A moeda americana avançou 68,5% sobre a divisa brasileira. Valorização maior,
apenas em relação ao rublo russo: 84,8%. A Rússia é alvo de embargo econômico e
está envolvida em um conflito na Ucrânia. Mas o câmbio, dizem especialistas,
acaba sendo a confluência entre os problemas externos e a crise político-econômica
doméstica. — Há dois lados que explicam as perdas da Bovespa. Lá fora, existe a
expectativa de aumento de juros nos EUA, que tende a valorizar o dólar e a
diminuir a oferta de liquidez para emergentes, e a turbulência na China e seus
efeitos sobre as commodities. E há nossos problemas domésticos, com o governo
em uma verdadeira sinuca de bico, que são mais graves que os dos outros países
— explica Daniel Weeks, da gestora Garde Asset. André Perfeito, economista da
Gradual Investimentos, ressalta a grande exposição da Bovespa às commodities.

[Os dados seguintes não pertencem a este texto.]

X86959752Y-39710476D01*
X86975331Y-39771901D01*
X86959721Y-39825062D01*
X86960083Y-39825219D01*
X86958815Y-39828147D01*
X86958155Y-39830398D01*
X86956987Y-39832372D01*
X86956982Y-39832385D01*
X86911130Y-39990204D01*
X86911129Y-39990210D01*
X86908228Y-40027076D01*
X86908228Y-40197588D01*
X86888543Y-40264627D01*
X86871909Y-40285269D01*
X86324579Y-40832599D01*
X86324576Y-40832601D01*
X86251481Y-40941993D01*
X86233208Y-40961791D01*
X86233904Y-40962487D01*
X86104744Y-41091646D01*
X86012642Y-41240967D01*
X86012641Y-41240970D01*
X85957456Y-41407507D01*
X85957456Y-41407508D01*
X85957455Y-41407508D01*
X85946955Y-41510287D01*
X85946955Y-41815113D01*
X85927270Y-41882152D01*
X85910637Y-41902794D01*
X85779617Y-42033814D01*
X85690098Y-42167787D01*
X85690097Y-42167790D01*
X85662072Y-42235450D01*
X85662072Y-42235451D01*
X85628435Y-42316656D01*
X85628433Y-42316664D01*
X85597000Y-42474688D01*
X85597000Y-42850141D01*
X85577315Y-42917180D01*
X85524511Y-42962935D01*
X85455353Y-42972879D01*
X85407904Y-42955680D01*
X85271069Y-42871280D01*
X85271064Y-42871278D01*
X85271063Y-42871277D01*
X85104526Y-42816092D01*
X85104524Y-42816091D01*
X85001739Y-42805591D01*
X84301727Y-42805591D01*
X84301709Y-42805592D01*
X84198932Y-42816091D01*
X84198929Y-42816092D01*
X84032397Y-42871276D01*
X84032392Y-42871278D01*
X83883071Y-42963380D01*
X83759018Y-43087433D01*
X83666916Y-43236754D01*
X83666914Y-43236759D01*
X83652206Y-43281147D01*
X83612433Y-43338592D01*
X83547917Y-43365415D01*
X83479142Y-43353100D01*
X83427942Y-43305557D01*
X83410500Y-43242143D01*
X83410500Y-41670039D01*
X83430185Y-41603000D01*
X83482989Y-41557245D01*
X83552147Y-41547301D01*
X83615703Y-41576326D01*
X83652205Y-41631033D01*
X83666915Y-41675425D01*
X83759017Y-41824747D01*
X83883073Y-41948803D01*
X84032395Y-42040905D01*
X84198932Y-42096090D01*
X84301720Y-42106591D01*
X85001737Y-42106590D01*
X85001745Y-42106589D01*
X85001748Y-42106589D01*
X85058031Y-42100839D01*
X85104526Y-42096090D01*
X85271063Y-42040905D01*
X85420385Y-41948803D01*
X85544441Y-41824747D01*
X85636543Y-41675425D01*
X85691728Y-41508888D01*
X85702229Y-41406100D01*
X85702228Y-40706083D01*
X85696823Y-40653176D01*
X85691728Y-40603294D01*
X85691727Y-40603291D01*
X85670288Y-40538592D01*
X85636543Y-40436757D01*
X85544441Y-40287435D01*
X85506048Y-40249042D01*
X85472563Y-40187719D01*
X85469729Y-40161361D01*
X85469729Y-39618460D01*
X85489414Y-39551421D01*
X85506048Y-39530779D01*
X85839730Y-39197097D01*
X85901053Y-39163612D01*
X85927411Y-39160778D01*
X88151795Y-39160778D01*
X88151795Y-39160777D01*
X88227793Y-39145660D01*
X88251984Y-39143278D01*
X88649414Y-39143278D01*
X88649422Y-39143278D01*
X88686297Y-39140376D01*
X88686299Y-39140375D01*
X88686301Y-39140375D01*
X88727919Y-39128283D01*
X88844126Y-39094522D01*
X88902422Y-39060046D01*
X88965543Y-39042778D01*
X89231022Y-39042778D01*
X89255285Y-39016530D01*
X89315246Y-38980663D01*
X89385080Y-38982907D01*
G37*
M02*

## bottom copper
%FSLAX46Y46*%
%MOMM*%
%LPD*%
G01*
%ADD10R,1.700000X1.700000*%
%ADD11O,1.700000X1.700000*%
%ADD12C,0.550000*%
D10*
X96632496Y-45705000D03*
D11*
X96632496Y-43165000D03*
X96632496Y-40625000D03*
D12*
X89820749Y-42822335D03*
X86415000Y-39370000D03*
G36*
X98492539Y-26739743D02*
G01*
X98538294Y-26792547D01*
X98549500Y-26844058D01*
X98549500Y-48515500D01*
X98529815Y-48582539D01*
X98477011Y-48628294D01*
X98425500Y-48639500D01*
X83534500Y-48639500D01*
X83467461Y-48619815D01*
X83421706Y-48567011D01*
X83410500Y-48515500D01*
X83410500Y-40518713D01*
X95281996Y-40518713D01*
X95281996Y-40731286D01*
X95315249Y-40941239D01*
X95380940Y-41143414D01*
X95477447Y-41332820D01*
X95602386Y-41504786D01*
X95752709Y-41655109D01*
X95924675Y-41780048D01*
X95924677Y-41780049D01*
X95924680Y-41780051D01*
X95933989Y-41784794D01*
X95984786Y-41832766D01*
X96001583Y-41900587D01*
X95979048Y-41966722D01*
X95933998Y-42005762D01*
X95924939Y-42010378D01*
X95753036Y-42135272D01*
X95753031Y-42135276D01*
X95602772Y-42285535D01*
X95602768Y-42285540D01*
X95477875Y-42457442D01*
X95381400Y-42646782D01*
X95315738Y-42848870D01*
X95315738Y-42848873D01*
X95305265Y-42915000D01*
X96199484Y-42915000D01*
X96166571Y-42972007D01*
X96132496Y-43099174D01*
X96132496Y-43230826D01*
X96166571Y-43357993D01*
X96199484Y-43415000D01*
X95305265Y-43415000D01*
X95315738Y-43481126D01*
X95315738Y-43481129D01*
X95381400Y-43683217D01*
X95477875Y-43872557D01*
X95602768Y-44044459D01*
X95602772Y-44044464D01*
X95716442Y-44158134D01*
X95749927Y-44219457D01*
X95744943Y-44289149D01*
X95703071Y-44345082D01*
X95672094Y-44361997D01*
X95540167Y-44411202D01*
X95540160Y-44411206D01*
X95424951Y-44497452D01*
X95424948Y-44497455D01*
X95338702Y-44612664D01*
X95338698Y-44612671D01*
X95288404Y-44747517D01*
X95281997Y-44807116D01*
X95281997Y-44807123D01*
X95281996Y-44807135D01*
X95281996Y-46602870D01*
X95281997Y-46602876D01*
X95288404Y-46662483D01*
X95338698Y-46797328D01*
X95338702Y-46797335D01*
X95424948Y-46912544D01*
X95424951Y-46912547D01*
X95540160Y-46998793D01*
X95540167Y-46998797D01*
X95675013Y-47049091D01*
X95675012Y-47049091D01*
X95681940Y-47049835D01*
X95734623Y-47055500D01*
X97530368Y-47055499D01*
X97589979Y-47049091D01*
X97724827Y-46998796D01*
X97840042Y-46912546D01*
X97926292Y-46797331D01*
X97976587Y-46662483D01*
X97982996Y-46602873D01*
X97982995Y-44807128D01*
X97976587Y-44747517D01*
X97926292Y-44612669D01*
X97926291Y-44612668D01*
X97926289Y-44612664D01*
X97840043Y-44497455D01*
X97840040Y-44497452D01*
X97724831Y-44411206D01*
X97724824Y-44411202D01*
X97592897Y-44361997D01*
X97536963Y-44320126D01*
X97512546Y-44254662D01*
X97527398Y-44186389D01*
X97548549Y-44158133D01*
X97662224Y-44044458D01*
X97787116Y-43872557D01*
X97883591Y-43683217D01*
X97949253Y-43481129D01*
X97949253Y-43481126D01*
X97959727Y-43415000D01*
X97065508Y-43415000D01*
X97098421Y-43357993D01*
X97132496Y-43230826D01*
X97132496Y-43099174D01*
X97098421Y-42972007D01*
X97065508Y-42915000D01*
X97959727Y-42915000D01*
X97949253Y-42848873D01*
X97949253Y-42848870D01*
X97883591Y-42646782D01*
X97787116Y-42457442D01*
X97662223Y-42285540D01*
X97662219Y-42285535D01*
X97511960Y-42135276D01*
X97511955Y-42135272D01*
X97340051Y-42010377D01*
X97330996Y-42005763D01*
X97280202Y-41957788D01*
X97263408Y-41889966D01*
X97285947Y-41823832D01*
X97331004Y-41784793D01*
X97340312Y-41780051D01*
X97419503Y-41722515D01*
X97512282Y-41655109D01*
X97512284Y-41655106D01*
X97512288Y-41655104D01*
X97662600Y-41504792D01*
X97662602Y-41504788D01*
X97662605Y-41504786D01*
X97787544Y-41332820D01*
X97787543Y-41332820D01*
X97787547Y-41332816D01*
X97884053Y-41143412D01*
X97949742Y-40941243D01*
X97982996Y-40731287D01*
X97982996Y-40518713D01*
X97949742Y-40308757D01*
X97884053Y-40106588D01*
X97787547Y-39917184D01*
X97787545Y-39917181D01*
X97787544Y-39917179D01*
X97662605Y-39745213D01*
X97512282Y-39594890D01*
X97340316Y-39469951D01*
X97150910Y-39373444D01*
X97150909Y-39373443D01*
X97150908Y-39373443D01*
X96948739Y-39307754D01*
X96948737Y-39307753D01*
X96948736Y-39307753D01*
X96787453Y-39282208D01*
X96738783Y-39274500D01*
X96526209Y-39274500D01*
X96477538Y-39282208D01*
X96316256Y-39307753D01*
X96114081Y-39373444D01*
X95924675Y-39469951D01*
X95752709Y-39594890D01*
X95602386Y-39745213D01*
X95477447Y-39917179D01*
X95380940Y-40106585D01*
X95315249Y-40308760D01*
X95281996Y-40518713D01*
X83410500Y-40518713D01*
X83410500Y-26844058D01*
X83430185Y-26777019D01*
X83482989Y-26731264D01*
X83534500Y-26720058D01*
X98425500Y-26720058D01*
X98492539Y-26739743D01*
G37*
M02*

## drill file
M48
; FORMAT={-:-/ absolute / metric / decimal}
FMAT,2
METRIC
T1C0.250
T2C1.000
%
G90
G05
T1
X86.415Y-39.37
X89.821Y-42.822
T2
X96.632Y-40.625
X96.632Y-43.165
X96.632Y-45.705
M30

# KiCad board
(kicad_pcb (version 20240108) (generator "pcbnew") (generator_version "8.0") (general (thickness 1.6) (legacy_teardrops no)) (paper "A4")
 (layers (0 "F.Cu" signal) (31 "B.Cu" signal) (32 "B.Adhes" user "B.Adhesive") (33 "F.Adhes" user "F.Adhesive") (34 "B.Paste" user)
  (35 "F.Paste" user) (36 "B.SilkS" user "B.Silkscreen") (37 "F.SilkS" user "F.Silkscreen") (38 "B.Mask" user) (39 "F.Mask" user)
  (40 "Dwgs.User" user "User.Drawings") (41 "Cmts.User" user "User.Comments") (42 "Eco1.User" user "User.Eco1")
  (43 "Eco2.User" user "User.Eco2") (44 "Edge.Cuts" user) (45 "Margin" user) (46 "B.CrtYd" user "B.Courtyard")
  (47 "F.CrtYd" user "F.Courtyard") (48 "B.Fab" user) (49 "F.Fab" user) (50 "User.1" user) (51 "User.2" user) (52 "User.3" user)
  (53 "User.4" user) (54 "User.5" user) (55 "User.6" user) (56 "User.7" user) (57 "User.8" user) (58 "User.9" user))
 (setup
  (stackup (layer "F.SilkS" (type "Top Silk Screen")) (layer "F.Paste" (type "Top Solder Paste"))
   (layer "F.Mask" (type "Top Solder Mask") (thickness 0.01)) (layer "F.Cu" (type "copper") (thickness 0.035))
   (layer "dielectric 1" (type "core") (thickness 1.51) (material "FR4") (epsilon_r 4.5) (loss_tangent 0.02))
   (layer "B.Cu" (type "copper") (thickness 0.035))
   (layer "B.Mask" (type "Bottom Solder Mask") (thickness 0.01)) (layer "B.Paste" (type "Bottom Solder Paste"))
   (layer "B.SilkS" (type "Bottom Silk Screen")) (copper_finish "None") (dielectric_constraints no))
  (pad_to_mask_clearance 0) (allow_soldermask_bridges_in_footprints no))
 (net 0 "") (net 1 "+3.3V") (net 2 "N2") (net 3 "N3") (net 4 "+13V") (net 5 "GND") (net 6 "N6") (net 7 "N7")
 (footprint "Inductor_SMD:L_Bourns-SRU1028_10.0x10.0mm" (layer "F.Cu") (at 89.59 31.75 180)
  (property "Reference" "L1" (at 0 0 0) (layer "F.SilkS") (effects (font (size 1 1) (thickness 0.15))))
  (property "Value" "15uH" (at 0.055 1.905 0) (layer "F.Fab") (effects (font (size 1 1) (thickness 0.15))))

Petrobras, Vale e siderúrgicas respondem, juntas, por 17% do índice de
referência Ibovespa, por exemplo. Em um ano, o minério de ferro acumula queda
de 31%, para US$ 57,42 a tonelada, enquanto o barril de petróleo do tipo Brent
despencou 50,6% no período, para US$ 49,52. — Também foi importante, nesse
período, a influência de fatores não econômicos sobre a Petrobras, empresa que
tem peso importante na nossa Bolsa — acrescenta Perfeito, referindo-se ao
escândalo da Lava-Jato, que responde por parte importante do tombo de 60% das
ações preferenciais da estatal em 12 meses.
BOLHA
NA CHINA E POSSÍVEL ALTA DE JURO NOS EUA
Todos os fatores considerados, Weeks resume o
encolhimento da Bovespa como resultado de uma reavaliação das expectativas dos
investidores sobre o crescimento brasileiro. — Se antes crescíamos 4%, agora
todos têm de se acostumar com a realidade de que o Brasil, quando voltar a
crescer, ficará em, no máximo, 2%. Dessa forma, não tem jeito, o lucro das
empresas na Bolsa terá de cair — afirma. — Por isso não considero que a Bovespa
esteja barata em dólar. Caminhamos para a perda do grau de investimento, então
a situação das ações deve piorar ainda mais. A deterioração que afastou
investidores também fica clara no risco associado ao Brasil, medido pelo credit
default swap (CDS, uma espécie de seguro contra calote). O contrato de cinco
anos, em dólar, saltou 185% em um ano, de 131 pontos centesimais para 374 ontem
— nível semelhante a países classificados com grau especulativo. Mas, embora o
recuo da capitalização brasileira tenha sido o mais intenso, a Bovespa não foi
a única a cair em um ano. Na verdade, entre os 20 maiores mercados acionários,
apenas os chineses (o continental e o de Hong Kong) avançaram — com alta,
respectivamente, de 29,3% e 18,8%. Grande parte dos analistas, porém, acredita
que esse salto foi resultado de uma bolha inflada por injeção de capital
estatal. O processo tem sido corrigido nas últimas semanas, o que resultou em
tombos históricos em índices como o da Bolsa de Xangai. É preciso ressaltar, no
entanto, que, não fossem os temores sobre a China, mercados importantes teriam
escapado de uma queda em 12 meses. É o caso das Bolsas americanas. O índice Dow
Jones vinha em patamar aproximadamente 3% superior ao de setembro passado
quando, em meados de agosto, despencou mais de 10% em uma única semana com a
turbulência chinesa. Mas Perfeito acha que, mais do que a questão chinesa, pode
ser mais prejudicial para o Brasil a iminente elevação dos juros pelos EUA, que
desde 2006 estão no intervalo entre zero e 0,25%: — O índice S&P 500 está
em uma região de pontuação recorde. Está todo mundo flutuando no vazio, as
Bolsas dos países centrais estão fora de lugar, sustentadas por esse estímulo.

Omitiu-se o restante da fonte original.